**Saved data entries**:
■ ■ ■
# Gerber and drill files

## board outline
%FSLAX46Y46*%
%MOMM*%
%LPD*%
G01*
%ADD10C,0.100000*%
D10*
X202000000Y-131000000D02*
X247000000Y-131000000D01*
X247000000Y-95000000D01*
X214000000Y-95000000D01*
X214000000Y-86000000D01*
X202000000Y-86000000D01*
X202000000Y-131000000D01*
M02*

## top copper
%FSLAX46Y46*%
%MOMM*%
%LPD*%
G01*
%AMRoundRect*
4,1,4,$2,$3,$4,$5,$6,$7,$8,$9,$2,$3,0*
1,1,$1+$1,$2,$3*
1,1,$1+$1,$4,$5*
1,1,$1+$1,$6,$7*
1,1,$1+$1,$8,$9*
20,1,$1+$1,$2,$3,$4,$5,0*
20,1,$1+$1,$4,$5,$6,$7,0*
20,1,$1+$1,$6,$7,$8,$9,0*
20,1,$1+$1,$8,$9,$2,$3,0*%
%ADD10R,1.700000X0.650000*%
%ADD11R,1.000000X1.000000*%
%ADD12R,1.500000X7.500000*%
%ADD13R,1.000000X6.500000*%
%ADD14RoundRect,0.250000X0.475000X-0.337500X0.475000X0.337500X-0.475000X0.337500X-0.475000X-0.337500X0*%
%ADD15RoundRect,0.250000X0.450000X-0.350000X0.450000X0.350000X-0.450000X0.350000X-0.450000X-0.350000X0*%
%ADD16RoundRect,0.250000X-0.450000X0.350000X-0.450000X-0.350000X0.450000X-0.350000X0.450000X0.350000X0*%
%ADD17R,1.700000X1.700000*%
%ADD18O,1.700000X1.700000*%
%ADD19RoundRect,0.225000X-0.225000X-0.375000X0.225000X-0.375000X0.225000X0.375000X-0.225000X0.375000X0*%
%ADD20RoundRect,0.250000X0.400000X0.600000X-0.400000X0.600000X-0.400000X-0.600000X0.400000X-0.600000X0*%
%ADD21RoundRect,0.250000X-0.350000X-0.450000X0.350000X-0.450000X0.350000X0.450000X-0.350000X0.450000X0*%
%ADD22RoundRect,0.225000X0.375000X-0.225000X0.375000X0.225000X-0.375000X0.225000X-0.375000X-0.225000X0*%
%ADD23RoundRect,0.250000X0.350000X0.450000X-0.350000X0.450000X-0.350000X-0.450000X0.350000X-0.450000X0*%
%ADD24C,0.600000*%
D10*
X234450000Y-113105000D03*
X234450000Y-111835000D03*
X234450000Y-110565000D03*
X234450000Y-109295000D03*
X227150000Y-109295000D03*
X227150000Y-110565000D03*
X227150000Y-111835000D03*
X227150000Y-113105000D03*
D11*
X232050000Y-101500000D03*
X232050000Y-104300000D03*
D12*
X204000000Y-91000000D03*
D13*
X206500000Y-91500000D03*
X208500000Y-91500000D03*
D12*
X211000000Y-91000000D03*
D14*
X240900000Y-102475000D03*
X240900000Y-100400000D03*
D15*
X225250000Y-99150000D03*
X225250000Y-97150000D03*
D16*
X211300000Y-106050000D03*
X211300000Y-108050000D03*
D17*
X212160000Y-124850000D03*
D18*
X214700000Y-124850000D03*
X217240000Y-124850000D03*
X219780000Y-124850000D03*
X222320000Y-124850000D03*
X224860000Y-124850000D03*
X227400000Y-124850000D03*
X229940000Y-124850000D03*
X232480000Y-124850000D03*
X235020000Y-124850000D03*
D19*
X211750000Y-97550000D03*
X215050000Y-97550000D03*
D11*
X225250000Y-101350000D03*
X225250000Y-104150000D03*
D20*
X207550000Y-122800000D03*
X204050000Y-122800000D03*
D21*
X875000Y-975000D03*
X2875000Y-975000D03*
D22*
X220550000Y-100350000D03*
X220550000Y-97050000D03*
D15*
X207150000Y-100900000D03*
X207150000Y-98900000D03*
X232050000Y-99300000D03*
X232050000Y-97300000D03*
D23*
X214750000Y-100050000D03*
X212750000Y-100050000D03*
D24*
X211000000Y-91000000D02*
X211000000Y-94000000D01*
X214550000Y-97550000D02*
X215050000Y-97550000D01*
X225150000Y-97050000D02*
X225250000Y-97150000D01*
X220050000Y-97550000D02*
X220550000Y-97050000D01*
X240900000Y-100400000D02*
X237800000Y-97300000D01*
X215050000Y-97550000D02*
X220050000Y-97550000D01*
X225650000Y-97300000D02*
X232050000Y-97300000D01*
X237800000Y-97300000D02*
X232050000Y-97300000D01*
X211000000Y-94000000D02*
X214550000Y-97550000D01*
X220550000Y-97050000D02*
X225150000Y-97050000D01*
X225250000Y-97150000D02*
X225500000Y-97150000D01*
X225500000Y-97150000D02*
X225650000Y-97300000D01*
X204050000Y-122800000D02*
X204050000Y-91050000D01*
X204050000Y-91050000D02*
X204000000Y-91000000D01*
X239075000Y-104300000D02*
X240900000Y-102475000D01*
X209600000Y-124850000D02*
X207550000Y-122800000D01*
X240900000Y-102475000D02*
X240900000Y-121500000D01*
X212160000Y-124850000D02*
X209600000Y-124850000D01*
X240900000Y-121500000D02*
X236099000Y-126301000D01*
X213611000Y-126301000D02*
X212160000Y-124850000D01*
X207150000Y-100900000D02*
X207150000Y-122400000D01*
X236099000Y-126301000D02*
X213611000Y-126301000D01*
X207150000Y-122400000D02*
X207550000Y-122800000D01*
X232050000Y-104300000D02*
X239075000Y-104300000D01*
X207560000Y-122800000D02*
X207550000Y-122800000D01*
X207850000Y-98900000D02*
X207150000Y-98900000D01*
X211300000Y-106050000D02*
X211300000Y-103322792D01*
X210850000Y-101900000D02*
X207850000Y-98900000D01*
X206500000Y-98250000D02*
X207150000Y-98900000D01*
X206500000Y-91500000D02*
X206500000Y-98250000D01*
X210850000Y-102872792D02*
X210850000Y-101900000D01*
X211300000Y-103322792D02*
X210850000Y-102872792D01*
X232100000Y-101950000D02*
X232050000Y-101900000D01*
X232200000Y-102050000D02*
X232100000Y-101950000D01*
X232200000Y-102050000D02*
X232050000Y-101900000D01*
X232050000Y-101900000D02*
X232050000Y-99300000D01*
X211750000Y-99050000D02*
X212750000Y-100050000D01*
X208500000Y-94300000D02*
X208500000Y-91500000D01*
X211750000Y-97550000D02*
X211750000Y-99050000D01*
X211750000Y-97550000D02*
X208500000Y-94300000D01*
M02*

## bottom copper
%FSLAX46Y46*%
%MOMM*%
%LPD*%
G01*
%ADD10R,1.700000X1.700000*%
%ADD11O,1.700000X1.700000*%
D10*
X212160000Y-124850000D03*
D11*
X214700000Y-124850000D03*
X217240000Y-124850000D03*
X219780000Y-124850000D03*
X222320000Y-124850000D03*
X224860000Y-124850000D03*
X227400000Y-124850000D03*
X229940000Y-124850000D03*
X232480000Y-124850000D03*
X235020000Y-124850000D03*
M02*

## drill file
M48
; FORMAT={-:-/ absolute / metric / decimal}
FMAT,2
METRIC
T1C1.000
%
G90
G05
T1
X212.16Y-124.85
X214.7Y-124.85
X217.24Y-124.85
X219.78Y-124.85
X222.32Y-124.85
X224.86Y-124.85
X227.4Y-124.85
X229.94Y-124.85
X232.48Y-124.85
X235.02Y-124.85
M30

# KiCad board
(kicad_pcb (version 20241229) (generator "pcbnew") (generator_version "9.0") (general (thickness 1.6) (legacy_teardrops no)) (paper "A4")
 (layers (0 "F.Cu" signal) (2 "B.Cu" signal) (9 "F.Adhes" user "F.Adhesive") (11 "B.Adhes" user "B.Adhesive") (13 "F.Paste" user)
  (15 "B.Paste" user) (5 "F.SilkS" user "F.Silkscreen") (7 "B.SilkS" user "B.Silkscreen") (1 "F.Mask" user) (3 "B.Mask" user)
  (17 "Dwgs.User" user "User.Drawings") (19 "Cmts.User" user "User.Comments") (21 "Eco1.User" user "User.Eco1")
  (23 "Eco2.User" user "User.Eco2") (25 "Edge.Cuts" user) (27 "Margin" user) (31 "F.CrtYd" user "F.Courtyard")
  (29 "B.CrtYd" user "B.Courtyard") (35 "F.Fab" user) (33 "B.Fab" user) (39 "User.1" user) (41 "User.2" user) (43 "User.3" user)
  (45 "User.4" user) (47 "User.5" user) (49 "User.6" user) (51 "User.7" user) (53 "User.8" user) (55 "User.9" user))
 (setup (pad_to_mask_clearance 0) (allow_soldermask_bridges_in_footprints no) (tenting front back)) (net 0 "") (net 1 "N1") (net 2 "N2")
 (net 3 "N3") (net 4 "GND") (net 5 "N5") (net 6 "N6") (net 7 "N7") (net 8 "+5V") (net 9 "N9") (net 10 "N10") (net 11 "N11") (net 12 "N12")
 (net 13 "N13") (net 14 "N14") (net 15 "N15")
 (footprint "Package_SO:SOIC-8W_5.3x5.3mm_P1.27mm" (layer "F.Cu") (at 230.8 111.2 180)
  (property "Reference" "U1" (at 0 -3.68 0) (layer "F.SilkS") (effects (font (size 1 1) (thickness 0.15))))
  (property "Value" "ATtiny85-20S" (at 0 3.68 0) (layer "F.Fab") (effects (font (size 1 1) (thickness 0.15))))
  (pad "1" smd rect (at -3.65 -1.905 180) (size 1.7 0.65) (layers "F.Cu" "F.Mask" "F.Paste") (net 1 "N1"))
  (pad "2" smd rect (at -3.65 -0.635 180) (size 1.7 0.65) (layers "F.Cu" "F.Mask" "F.Paste") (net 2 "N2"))
  (pad "3" smd rect (at -3.65 0.635 180) (size 1.7 0.65) (layers "F.Cu" "F.Mask" "F.Paste") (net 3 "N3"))
  (pad "4" smd rect (at -3.65 1.905 180) (size 1.7 0.65) (layers "F.Cu" "F.Mask" "F.Paste") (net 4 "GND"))
  (pad "5" smd rect (at 3.65 1.905 180) (size 1.7 0.65) (layers "F.Cu" "F.Mask" "F.Paste") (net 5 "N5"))
  (pad "6" smd rect (at 3.65 0.635 180) (size 1.7 0.65) (layers "F.Cu" "F.Mask" "F.Paste") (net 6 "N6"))
  (pad "7" smd rect (at 3.65 -0.635 180) (size 1.7 0.65) (layers "F.Cu" "F.Mask" "F.Paste") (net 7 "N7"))
  (pad "8" smd rect (at 3.65 -1.905 180) (size 1.7 0.65) (layers "F.Cu" "F.Mask" "F.Paste") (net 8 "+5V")))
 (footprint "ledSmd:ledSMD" (layer "F.Cu") (at 232.05 103.3 -90)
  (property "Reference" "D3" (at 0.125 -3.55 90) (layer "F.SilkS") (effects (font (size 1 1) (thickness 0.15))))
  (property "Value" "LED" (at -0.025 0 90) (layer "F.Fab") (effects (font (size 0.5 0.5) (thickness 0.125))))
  (pad "1" smd rect (at -1.8 0 270) (size 1 1) (layers "F.Cu" "F.Mask" "F.Paste") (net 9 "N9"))
  (pad "2" smd rect (at 1 0 270) (size 1 1) (layers "F.Cu" "F.Mask" "F.Paste") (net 8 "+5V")))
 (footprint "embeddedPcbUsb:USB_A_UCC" (layer "F.Cu") (at 207.5 91.2 -90)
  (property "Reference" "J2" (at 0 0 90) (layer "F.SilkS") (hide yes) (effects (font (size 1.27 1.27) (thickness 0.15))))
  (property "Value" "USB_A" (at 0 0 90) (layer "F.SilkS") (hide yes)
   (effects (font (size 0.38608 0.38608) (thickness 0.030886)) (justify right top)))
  (pad "1" smd rect (at -0.2 3.5 270) (size 7.5 1.5) (layers "F.Cu" "F.Mask" "F.Paste") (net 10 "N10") (solder_mask_margin 0.1016))
  (pad "2" smd rect (at 0.3 1 270) (size 6.5 1) (layers "F.Cu" "F.Mask" "F.Paste") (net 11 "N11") (solder_mask_margin 0.1016))
  (pad "3" smd rect (at 0.3 -1 270) (size 6.5 1) (layers "F.Cu" "F.Mask" "F.Paste") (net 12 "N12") (solder_mask_margin 0.1016))
  (pad "4" smd rect (at -0.2 -3.5 270) (size 7.5 1.5) (layers "F.Cu" "F.Mask" "F.Paste") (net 4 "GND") (solder_mask_margin 0.1016)))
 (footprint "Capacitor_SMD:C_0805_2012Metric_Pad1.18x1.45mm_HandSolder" (layer "F.Cu") (at 240.9 101.4375 90)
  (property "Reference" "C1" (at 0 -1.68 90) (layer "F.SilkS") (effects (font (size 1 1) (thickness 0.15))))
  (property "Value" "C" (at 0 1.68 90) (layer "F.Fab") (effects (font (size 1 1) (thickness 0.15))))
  (pad "1" smd roundrect (at -1.0375 0 90) (size 1.175 1.45) (layers "F.Cu" "F.Mask" "F.Paste") (roundrect_rratio 0.212766) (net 8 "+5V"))
  (pad "2" smd roundrect (at 1.0375 0 90) (size 1.175 1.45) (layers "F.Cu" "F.Mask" "F.Paste") (roundrect_rratio 0.212766) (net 4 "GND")))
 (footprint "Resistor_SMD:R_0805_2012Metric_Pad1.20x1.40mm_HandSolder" (layer "F.Cu") (at 225.25 98.15 90)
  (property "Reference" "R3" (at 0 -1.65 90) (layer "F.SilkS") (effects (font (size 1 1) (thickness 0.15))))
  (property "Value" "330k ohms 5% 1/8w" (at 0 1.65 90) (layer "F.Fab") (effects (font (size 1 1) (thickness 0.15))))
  (pad "1" smd roundrect (at -1 0 90) (size 1.2 1.4) (layers "F.Cu" "F.Mask" "F.Paste") (roundrect_rratio 0.208333) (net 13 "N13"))
  (pad "2" smd roundrect (at 1 0 90) (size 1.2 1.4) (layers "F.Cu" "F.Mask" "F.Paste") (roundrect_rratio 0.208333) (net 4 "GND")))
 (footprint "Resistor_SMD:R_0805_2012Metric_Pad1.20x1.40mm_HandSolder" (layer "F.Cu") (at 211.3 107.05 -90)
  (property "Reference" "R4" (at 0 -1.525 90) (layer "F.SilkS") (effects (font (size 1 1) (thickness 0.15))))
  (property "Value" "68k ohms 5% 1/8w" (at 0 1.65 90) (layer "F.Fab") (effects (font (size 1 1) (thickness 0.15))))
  (pad "1" smd roundrect (at -1 0 270) (size 1.2 1.4) (layers "F.Cu" "F.Mask" "F.Paste") (roundrect_rratio 0.208333) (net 11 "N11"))
  (pad "2" smd roundrect (at 1 0 270) (size 1.2 1.4) (layers "F.Cu" "F.Mask" "F.Paste") (roundrect_rratio 0.208333) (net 2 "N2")))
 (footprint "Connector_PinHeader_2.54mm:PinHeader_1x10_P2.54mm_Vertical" (layer "F.Cu") (at 212.16 124.85 90)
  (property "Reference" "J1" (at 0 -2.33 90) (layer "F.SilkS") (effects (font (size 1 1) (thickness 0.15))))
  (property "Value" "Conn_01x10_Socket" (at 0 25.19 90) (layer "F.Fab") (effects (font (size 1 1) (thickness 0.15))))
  (pad "1" thru_hole rect (at 0 0 90) (size 1.7 1.7) (drill 1) (layers "*.Cu" "*.Mask") (remove_unused_layers no) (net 8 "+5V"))
  (pad "2" thru_hole oval (at 0 2.54 90) (size 1.7 1.7) (drill 1) (layers "*.Cu" "*.Mask") (remove_unused_layers no) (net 4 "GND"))
  (pad "3" thru_hole oval (at 0 5.08 90) (size 1.7 1.7) (drill 1) (layers "*.Cu" "*.Mask") (remove_unused_layers no) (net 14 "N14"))
  (pad "4" thru_hole oval (at 0 7.62 90) (size 1.7 1.7) (drill 1) (layers "*.Cu" "*.Mask") (remove_unused_layers no) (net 5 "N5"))
  (pad "5" thru_hole oval (at 0 10.16 90) (size 1.7 1.7) (drill 1) (layers "*.Cu" "*.Mask") (remove_unused_layers no) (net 6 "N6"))
  (pad "6" thru_hole oval (at 0 12.7 90) (size 1.7 1.7) (drill 1) (layers "*.Cu" "*.Mask") (remove_unused_layers no) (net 7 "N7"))
  (pad "7" thru_hole oval (at 0 15.24 90) (size 1.7 1.7) (drill 1) (layers "*.Cu" "*.Mask") (remove_unused_layers no) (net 2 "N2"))
  (pad "8" thru_hole oval (at 0 17.78 90) (size 1.7 1.7) (drill 1) (layers "*.Cu" "*.Mask") (remove_unused_layers no) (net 3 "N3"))
  (pad "9" thru_hole oval (at 0 20.32 90) (size 1.7 1.7) (drill 1) (layers "*.Cu" "*.Mask") (remove_unused_layers no) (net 1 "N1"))
  (pad "10" thru_hole oval (at 0 22.86 90) (size 1.7 1.7) (drill 1) (layers "*.Cu" "*.Mask") (remove_unused_layers no) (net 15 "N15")))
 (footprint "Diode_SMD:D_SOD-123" (layer "F.Cu") (at 213.4 97.55)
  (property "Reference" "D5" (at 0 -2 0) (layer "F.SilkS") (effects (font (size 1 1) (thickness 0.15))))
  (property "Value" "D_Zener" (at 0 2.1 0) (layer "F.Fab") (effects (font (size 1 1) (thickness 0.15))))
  (pad "1" smd roundrect (at -1.65 0) (size 0.9 1.2) (layers "F.Cu" "F.Mask" "F.Paste") (roundrect_rratio 0.25) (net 12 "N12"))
■ ■ ■
**Work to complete**:
Print exactly the lines from the beginning of the entries through the line with "4,1,4,$2,$3,$4,$5,$6,$7,$8,$9,$2,$3,0*". Output nothing more.

**Output**:
# Gerber and drill files

## board outline
%FSLAX46Y46*%
%MOMM*%
%LPD*%
G01*
%ADD10C,0.100000*%
D10*
X202000000Y-131000000D02*
X247000000Y-131000000D01*
X247000000Y-95000000D01*
X214000000Y-95000000D01*
X214000000Y-86000000D01*
X202000000Y-86000000D01*
X202000000Y-131000000D01*
M02*

## top copper
%FSLAX46Y46*%
%MOMM*%
%LPD*%
G01*
%AMRoundRect*
4,1,4,$2,$3,$4,$5,$6,$7,$8,$9,$2,$3,0*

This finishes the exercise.